He blushed. “No marriage yet. Now, gentlemen, you’ll have to excuse me, I have another visitor. If you’ll go downstairs, one of my best managers, Patrik Ruggov—we call him Kannonball—will show you exactly how we work with customer.”

The journalists rose and Kasperov escorted them to the spiral staircase, then he returned to the man who’d been waiting for him in the shadows.

“Hello, Chern,” Kasperov grunted in Russian.

“Igor, I see you are massaging your ego again.”

Kasperov ignored the remark and stormed back into his office. Chern followed.

“Shut the door,” Kasperov ordered him.

Chern smirked and complied.

Kasperov knew this man only by his nickname, “Chernobyl,” aka “Chern.” Leonine, with a prominent gray widow’s peak and fiery blue eyes, Chern contaminated everything he touched and was often the bearer of bad news. While officially he was a member of the SBP, the Presidential Security Service, he served unofficially as President Treskayev’s personal strong arm and courier.

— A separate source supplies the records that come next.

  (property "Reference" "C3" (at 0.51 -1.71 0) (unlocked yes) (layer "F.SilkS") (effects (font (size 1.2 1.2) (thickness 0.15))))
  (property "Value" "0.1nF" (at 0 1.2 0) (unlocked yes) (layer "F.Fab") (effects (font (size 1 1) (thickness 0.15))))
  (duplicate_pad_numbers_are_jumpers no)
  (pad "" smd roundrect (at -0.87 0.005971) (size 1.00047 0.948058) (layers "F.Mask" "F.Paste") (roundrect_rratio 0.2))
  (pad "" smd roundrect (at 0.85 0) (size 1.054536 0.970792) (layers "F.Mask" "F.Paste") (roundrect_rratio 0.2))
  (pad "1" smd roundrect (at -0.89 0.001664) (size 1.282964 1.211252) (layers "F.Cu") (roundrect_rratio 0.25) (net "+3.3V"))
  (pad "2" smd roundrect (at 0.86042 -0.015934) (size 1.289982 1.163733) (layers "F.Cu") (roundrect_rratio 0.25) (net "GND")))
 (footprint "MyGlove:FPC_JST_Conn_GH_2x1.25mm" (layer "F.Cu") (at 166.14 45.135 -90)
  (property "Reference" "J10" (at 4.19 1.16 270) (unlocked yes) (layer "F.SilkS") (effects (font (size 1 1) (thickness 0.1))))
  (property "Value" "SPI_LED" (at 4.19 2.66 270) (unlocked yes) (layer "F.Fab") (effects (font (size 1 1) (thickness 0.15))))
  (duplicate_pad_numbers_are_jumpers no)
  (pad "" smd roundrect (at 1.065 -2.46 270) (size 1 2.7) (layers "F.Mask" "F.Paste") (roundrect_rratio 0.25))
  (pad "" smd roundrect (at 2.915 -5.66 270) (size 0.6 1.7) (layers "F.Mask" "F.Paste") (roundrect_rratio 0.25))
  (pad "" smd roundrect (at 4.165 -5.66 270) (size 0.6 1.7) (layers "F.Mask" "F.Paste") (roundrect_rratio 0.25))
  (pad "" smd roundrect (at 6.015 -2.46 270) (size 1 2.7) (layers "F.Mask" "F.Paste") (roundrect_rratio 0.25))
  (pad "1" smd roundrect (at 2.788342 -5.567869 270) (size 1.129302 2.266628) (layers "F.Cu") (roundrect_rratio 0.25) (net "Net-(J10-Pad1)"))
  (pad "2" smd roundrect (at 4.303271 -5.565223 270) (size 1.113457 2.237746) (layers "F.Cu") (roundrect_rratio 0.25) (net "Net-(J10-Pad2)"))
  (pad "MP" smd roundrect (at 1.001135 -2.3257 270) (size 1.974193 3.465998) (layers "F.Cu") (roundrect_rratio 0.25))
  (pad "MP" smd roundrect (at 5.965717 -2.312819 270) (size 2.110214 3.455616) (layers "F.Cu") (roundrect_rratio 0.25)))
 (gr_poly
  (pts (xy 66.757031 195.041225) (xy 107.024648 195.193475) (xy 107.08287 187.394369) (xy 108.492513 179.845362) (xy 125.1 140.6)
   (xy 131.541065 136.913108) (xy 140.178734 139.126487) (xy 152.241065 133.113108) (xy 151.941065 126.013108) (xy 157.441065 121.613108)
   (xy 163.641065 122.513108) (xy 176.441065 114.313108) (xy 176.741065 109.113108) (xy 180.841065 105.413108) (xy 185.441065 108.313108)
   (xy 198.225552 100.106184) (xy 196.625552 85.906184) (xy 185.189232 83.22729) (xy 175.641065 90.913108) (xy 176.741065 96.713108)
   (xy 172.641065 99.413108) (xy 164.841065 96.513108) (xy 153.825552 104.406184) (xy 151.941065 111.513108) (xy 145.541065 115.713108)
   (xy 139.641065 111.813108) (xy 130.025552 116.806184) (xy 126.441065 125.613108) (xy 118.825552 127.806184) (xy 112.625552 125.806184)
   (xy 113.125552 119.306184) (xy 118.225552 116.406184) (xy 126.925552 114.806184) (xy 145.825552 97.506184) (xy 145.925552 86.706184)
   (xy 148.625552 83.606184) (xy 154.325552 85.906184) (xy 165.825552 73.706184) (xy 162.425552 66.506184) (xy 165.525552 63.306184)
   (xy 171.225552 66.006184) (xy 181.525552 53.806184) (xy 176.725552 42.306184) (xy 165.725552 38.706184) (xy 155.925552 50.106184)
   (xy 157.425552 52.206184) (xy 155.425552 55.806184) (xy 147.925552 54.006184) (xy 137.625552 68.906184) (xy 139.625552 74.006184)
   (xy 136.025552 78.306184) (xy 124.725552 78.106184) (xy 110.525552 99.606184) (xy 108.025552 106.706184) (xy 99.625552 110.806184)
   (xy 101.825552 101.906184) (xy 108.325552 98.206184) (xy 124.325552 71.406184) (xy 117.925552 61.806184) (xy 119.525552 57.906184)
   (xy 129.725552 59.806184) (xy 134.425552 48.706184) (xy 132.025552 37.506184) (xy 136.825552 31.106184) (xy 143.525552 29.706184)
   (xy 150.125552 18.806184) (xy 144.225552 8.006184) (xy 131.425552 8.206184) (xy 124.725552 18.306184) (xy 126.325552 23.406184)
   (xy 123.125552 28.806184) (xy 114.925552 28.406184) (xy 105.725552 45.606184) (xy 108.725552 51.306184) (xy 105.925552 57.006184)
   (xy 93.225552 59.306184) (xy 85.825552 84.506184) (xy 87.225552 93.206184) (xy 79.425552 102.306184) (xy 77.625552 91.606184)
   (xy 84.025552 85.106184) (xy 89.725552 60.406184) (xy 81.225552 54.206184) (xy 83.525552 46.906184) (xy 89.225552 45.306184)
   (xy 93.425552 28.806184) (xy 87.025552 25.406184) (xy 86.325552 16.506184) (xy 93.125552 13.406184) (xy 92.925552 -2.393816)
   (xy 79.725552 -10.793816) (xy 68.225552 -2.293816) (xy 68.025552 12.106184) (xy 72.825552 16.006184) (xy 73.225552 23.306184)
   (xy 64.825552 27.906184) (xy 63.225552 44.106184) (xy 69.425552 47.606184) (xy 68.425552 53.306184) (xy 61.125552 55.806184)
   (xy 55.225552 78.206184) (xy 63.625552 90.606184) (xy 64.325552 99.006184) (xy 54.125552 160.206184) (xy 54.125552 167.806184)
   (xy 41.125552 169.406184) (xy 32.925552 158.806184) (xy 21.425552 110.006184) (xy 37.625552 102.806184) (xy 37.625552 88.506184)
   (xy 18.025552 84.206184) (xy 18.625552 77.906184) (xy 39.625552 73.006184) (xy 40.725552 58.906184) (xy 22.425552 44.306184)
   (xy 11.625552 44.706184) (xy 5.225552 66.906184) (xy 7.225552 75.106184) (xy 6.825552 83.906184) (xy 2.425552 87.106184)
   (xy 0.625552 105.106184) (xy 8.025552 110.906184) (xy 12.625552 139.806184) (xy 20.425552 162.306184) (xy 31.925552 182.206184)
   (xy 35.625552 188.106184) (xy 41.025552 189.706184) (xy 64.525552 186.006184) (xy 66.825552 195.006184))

“How is your daughter doing?” Chern asked.

“Very well.”

“She’s away at school, yes?”

“She just flew home for a short visit.”

Chern grinned over that, then moved to the window at the far end of the office. He spent a long moment staring at the snow through the frosted glass, then lifted his voice. “There’s someone else who needs to go home.”

“And who’s that?”

“Calamity Jane.”

Kasperov nearly spit out his vodka. “Excuse me?”

“You heard me.”

“That can’t be possible.”

Chern’s eyes widened. “Are you that naïve?”

“I was told from the beginning that it was a deterrent, a deterrent that would never be used.”

“Then you are that naïve.”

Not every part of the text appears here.